Here are a few simple examples that showcase Standard Search, Full-text Search, Semantic Search and Hybrid Search.
This Search Lab will help to create a demo on various capabilities of Search in PostgreSQL and explore the differences among those. This lab also intended to showcase how Hybrid search can be used for various purposes.
Step 1: Create the Sample table in PostgreSQL with pgvector as an extension that enables the creation of a vector as Data Type. Use the “Data Load” script to add sample sentences with simple text to Postgresql.
Step 2: Once data is loaded, we can do simple keyword-based searching, which is a standard search. Let’s take a simple standard search. It works well if I like searching a simple world like “PostgreSQL”. Use the “Standard_Search” script to do a demo.
Step 3: Let's look at the full-text search, which understands the word combination, conjunction, stemming, etc. Use the “full-text Search” file for this example. So, if you look at the tsvector column data, it tokenises the word here, including how many times that particular word comes and positions. It also understands conjunction words, such as “&” and stemming. Let's search our conjunction word “Postgresql & vector”. This example provides me with two results: Postgresql as word and vector as word, regardless of their position, frequency of the word, and stemming and stop word.
In the dictionary, you can also customise stop words like a, the, an, are, etc., for further advanced tunning. You can further customise this for advanced trigram similarity with the extension pg_trgm. Fulltext search also provides lexemes-based weightage and ranking. One can customise this weightage as well. So you can see the ranking of the given words on my screen.
Step 4: Now, let's do the semantic search based on the pgvector.
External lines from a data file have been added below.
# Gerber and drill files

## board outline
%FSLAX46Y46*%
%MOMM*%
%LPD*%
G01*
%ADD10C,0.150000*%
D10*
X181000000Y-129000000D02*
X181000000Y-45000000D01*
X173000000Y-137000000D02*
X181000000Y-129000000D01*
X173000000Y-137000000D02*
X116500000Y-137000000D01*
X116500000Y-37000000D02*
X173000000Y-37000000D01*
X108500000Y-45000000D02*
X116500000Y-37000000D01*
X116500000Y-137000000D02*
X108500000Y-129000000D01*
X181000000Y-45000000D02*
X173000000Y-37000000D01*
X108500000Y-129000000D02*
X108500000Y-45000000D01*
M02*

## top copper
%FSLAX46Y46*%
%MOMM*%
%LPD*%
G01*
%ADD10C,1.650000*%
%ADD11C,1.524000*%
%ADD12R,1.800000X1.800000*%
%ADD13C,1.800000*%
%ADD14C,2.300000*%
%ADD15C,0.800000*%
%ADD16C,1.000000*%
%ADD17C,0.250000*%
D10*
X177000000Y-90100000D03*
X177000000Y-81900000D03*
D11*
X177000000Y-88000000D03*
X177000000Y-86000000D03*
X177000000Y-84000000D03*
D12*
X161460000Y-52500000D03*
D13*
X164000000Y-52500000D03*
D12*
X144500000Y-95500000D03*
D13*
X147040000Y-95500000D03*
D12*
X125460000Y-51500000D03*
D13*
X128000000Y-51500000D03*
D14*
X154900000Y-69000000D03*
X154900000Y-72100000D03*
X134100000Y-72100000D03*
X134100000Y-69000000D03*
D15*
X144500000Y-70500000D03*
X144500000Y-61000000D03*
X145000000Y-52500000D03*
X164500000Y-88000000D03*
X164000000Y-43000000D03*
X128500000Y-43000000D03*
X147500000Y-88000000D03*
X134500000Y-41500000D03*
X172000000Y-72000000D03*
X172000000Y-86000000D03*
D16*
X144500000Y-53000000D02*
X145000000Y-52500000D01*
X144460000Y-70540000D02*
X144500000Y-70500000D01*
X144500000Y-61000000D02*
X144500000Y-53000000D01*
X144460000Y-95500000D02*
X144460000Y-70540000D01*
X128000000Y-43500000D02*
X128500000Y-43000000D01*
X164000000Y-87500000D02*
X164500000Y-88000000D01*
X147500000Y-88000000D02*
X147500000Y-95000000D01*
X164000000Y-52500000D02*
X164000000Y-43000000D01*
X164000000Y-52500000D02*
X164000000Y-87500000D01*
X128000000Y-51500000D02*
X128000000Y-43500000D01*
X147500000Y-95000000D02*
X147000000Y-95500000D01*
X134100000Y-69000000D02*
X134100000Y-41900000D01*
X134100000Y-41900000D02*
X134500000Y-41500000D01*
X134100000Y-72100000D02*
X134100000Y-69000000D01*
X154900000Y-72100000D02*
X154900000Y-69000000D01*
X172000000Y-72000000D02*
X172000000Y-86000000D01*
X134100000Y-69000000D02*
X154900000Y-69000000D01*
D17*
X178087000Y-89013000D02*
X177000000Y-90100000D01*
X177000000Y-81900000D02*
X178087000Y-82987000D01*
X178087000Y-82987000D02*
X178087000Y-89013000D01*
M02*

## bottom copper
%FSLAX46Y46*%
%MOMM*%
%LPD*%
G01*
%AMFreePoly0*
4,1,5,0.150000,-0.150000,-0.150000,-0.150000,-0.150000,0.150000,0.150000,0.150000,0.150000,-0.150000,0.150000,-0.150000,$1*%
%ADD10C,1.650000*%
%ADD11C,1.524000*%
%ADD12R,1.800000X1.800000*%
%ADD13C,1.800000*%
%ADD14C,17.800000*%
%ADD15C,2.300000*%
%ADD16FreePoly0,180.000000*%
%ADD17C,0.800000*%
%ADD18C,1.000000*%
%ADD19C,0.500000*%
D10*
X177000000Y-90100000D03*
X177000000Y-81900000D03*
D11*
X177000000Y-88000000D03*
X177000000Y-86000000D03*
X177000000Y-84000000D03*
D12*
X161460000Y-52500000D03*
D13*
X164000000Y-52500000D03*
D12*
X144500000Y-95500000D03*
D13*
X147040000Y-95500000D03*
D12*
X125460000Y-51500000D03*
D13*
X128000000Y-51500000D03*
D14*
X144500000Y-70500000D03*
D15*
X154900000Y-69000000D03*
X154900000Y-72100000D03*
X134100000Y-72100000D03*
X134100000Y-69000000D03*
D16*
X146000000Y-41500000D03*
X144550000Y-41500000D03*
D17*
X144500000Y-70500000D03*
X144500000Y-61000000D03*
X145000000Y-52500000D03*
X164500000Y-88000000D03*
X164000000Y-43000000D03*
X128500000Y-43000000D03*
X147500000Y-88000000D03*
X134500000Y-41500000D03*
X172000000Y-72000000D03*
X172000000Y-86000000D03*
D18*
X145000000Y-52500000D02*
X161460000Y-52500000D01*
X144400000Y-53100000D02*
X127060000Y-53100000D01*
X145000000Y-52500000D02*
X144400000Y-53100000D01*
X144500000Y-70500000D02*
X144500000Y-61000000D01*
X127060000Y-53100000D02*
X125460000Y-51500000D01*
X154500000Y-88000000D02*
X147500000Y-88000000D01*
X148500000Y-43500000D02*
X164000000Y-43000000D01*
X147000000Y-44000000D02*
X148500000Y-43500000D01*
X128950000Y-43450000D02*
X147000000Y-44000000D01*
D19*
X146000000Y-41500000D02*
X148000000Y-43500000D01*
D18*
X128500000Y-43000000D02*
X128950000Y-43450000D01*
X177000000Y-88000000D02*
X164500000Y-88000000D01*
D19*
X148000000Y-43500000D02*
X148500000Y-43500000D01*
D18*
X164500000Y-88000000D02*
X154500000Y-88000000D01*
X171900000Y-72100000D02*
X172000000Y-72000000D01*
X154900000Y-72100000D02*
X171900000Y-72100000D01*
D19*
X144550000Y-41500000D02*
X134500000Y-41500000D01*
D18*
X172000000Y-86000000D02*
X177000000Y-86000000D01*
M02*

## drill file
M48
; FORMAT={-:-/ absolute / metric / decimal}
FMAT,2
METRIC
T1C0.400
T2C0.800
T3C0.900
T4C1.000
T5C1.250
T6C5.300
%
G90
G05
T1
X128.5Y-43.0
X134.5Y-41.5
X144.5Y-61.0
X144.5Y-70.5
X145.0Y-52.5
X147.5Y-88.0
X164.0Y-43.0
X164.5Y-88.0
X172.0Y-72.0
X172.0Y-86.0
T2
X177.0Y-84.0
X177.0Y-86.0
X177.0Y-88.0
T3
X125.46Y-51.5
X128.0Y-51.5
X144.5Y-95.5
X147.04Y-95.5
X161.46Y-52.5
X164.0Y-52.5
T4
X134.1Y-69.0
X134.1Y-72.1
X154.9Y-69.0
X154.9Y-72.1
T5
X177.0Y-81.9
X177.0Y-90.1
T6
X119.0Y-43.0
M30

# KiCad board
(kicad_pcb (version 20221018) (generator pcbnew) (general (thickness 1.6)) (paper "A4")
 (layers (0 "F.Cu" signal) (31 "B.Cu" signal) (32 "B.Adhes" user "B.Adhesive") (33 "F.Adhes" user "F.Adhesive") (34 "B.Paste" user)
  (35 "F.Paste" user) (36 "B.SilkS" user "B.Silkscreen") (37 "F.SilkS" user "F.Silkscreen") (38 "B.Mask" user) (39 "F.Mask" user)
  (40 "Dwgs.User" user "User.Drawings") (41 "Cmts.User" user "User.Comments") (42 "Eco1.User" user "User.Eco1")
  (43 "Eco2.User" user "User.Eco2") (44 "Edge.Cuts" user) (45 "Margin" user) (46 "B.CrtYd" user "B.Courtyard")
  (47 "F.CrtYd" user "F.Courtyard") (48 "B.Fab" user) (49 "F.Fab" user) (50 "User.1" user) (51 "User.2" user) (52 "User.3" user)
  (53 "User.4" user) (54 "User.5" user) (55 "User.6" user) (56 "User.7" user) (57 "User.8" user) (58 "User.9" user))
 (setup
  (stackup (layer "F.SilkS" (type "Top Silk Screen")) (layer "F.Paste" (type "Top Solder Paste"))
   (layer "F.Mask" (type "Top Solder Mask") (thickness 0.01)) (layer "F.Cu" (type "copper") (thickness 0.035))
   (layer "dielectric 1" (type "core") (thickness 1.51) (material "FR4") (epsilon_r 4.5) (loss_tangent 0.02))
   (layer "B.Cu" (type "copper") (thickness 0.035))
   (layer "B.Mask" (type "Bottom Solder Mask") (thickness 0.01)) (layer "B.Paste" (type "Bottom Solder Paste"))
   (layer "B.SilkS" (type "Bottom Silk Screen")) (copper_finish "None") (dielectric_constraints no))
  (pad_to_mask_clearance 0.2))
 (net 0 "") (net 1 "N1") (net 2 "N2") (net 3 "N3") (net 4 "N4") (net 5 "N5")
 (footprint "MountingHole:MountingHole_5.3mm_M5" (layer "F.Cu") (at 119 43)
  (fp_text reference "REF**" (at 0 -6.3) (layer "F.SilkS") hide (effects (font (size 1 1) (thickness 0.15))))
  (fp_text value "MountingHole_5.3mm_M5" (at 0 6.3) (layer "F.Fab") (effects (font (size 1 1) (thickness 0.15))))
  (pad "" np_thru_hole circle (at 0 0) (size 5.3 5.3) (drill 5.3) (layers "*.Cu" "*.Mask")))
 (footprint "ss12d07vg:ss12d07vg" (layer "F.Cu") (at 177 90.1 90)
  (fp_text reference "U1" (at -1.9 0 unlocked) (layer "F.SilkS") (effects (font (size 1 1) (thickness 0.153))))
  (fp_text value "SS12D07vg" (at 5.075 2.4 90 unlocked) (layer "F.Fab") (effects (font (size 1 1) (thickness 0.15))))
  (pad "1" thru_hole circle (at 0 0 90) (size 1.65 1.65) (drill 1.25) (layers "*.Cu" "*.Mask") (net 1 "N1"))
  (pad "1" thru_hole circle (at 8.2 0 90) (size 1.65 1.65) (drill 1.25) (layers "*.Cu" "*.Mask") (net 1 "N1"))
  (pad "2" thru_hole circle (at 2.1 0 90) (size 1.524 1.524) (drill 0.8) (layers "*.Cu" "*.Mask") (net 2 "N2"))
  (pad "3" thru_hole circle (at 4.1 0 90) (size 1.524 1.524) (drill 0.8) (layers "*.Cu" "*.Mask") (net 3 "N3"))
  (pad "4" thru_hole circle (at 6.1 0 90) (size 1.524 1.524) (drill 0.8) (layers "*.Cu" "*.Mask") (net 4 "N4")))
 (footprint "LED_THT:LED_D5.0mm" (layer "F.Cu") (at 161.46 52.5)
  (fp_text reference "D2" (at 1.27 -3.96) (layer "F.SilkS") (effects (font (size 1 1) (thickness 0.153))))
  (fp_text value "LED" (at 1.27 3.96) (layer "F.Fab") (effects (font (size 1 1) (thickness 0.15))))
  (pad "1" thru_hole rect (at 0 0) (size 1.8 1.8) (drill 0.9) (layers "*.Cu" "*.Mask") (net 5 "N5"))
  (pad "2" thru_hole circle (at 2.54 0) (size 1.8 1.8) (drill 0.9) (layers "*.Cu" "*.Mask") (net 2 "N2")))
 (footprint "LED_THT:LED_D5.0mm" (layer "F.Cu") (at 144.5 95.5)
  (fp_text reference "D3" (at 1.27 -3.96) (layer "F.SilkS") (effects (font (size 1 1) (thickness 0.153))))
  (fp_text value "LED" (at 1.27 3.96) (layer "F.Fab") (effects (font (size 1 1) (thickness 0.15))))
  (pad "1" thru_hole rect (at 0 0) (size 1.8 1.8) (drill 0.9) (layers "*.Cu" "*.Mask") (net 5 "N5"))
  (pad "2" thru_hole circle (at 2.54 0) (size 1.8 1.8) (drill 0.9) (layers "*.Cu" "*.Mask") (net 2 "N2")))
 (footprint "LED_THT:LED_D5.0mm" (layer "F.Cu") (at 125.46 51.5)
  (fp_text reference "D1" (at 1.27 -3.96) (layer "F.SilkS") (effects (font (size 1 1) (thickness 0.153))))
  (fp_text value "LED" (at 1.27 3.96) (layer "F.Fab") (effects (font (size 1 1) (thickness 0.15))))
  (pad "1" thru_hole rect (at 0 0) (size 1.8 1.8) (drill 0.9) (layers "*.Cu" "*.Mask") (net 5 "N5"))
  (pad "2" thru_hole circle (at 2.54 0) (size 1.8 1.8) (drill 0.9) (layers "*.Cu" "*.Mask") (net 2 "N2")))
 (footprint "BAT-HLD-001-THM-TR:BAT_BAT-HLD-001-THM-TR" (layer "B.Cu") (at 144.5 70.5 180)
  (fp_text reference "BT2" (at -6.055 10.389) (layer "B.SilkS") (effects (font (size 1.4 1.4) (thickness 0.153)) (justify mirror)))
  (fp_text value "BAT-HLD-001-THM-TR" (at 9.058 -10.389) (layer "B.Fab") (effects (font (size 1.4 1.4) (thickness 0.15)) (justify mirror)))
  (pad "N" smd circle (at 0 0 180) (size 17.8 17.8) (layers "B.Cu" "B.Mask") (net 5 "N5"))
  (pad "P1" thru_hole circle (at -10.4 1.5 180) (size 2.3 2.3) (drill 1) (layers "*.Cu" "*.Mask") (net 3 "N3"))
  (pad "P2" thru_hole circle (at -10.4 -1.6 180) (size 2.3 2.3) (drill 1) (layers "*.Cu" "*.Mask") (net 3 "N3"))
  (pad "P3" thru_hole circle (at 10.4 -1.6 180) (size 2.3 2.3) (drill 1) (layers "*.Cu" "*.Mask") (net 3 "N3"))
  (pad "P4" thru_hole circle (at 10.4 1.5 180) (size 2.3 2.3) (drill 1) (layers "*.Cu" "*.Mask") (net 3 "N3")))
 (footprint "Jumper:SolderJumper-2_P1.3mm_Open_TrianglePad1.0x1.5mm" (layer "B.Cu") (at 145.275 41.5 180)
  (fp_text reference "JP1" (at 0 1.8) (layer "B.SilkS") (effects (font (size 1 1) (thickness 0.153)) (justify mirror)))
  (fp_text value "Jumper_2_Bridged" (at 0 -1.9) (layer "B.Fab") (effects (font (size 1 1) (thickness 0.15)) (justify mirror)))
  (pad "1" smd custom (at -0.725 0 180) (size 0.3 0.3) (layers "B.Cu" "B.Mask") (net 2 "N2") (zone_connect 2) (thermal_bridge_angle 45)
   (options (clearance outline) (anchor rect)) (primitives))
  (pad "2" smd custom (at 0.725 0 180) (size 0.3 0.3) (layers "B.Cu" "B.Mask") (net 3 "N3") (zone_connect 2) (thermal_bridge_angle 45)
   (options (clearance outline) (anchor rect)) (primitives)))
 (gr_line (start 181 129) (end 181 45) (stroke (width 0.15) (type default)) (layer "Edge.Cuts"))
 (gr_line (start 173 137) (end 181 129) (stroke (width 0.15) (type default)) (layer "Edge.Cuts"))
 (gr_line (start 173 137) (end 116.5 137) (stroke (width 0.15) (type default)) (layer "Edge.Cuts"))
 (gr_line (start 116.5 37) (end 173 37) (stroke (width 0.15) (type default)) (layer "Edge.Cuts"))
 (gr_line (start 108.5 45) (end 116.5 37) (stroke (width 0.15) (type default)) (layer "Edge.Cuts"))
 (gr_line (start 116.5 137) (end 108.5 129) (stroke (width 0.15) (type default)) (layer "Edge.Cuts"))
 (gr_line (start 181 45) (end 173 37) (stroke (width 0.15) (type default)) (layer "Edge.Cuts"))
 (gr_line (start 108.5 129) (end 108.5 45) (stroke (width 0.15) (type default)) (layer "Edge.Cuts"))
 (segment (start 144.5 53) (end 145 52.5) (width 1) (layer "F.Cu") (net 5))
 (segment (start 144.46 70.54) (end 144.5 70.5) (width 1) (layer "F.Cu") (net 5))
 (segment (start 144.5 61) (end 144.5 53) (width 1) (layer "F.Cu") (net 5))
 (segment (start 144.46 95.5) (end 144.46 70.54) (width 1) (layer "F.Cu") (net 5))
 (via (at 144.5 70.5) (size 0.8) (drill 0.4) (layers "F.Cu" "B.Cu") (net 5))
 (via (at 144.5 61) (size 0.8) (drill 0.4) (layers "F.Cu" "B.Cu") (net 5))
 (via (at 145 52.5) (size 0.8) (drill 0.4) (layers "F.Cu" "B.Cu") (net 5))
 (segment (start 145 52.5) (end 161.46 52.5) (width 1) (layer "B.Cu") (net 5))
 (segment (start 144.4 53.1) (end 127.06 53.1) (width 1) (layer "B.Cu") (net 5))
 (segment (start 145 52.5) (end 144.4 53.1) (width 1) (layer "B.Cu") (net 5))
The “Data_Embedding.py” Python script was used for data embedding using the Generalised LLM v6 model, which produced 384 dimensions.
Step 5: After embedding the vector data into the same table using the LLM model, let's do a simple hybrid search, combining keyword-based full-text search + Similarity/Semantic search. Here, we are using a cosine similarity search operator with ranking functionality. This will produce results ordered by or ranked by the cross-encoder LLM model. Use the “hybrid_search_with_ranking.py” script to run this step.
Step 6: Similar to #5, we are doing a hybrid search, which combines a full-text-based search for keyword searching and a semantic search for similarity search. We have used “distance” to rank the results. Observe the ranking, which is different in step #5 and step #6 here. Use the “Hybrid_Search_SQL_with_Distance” script.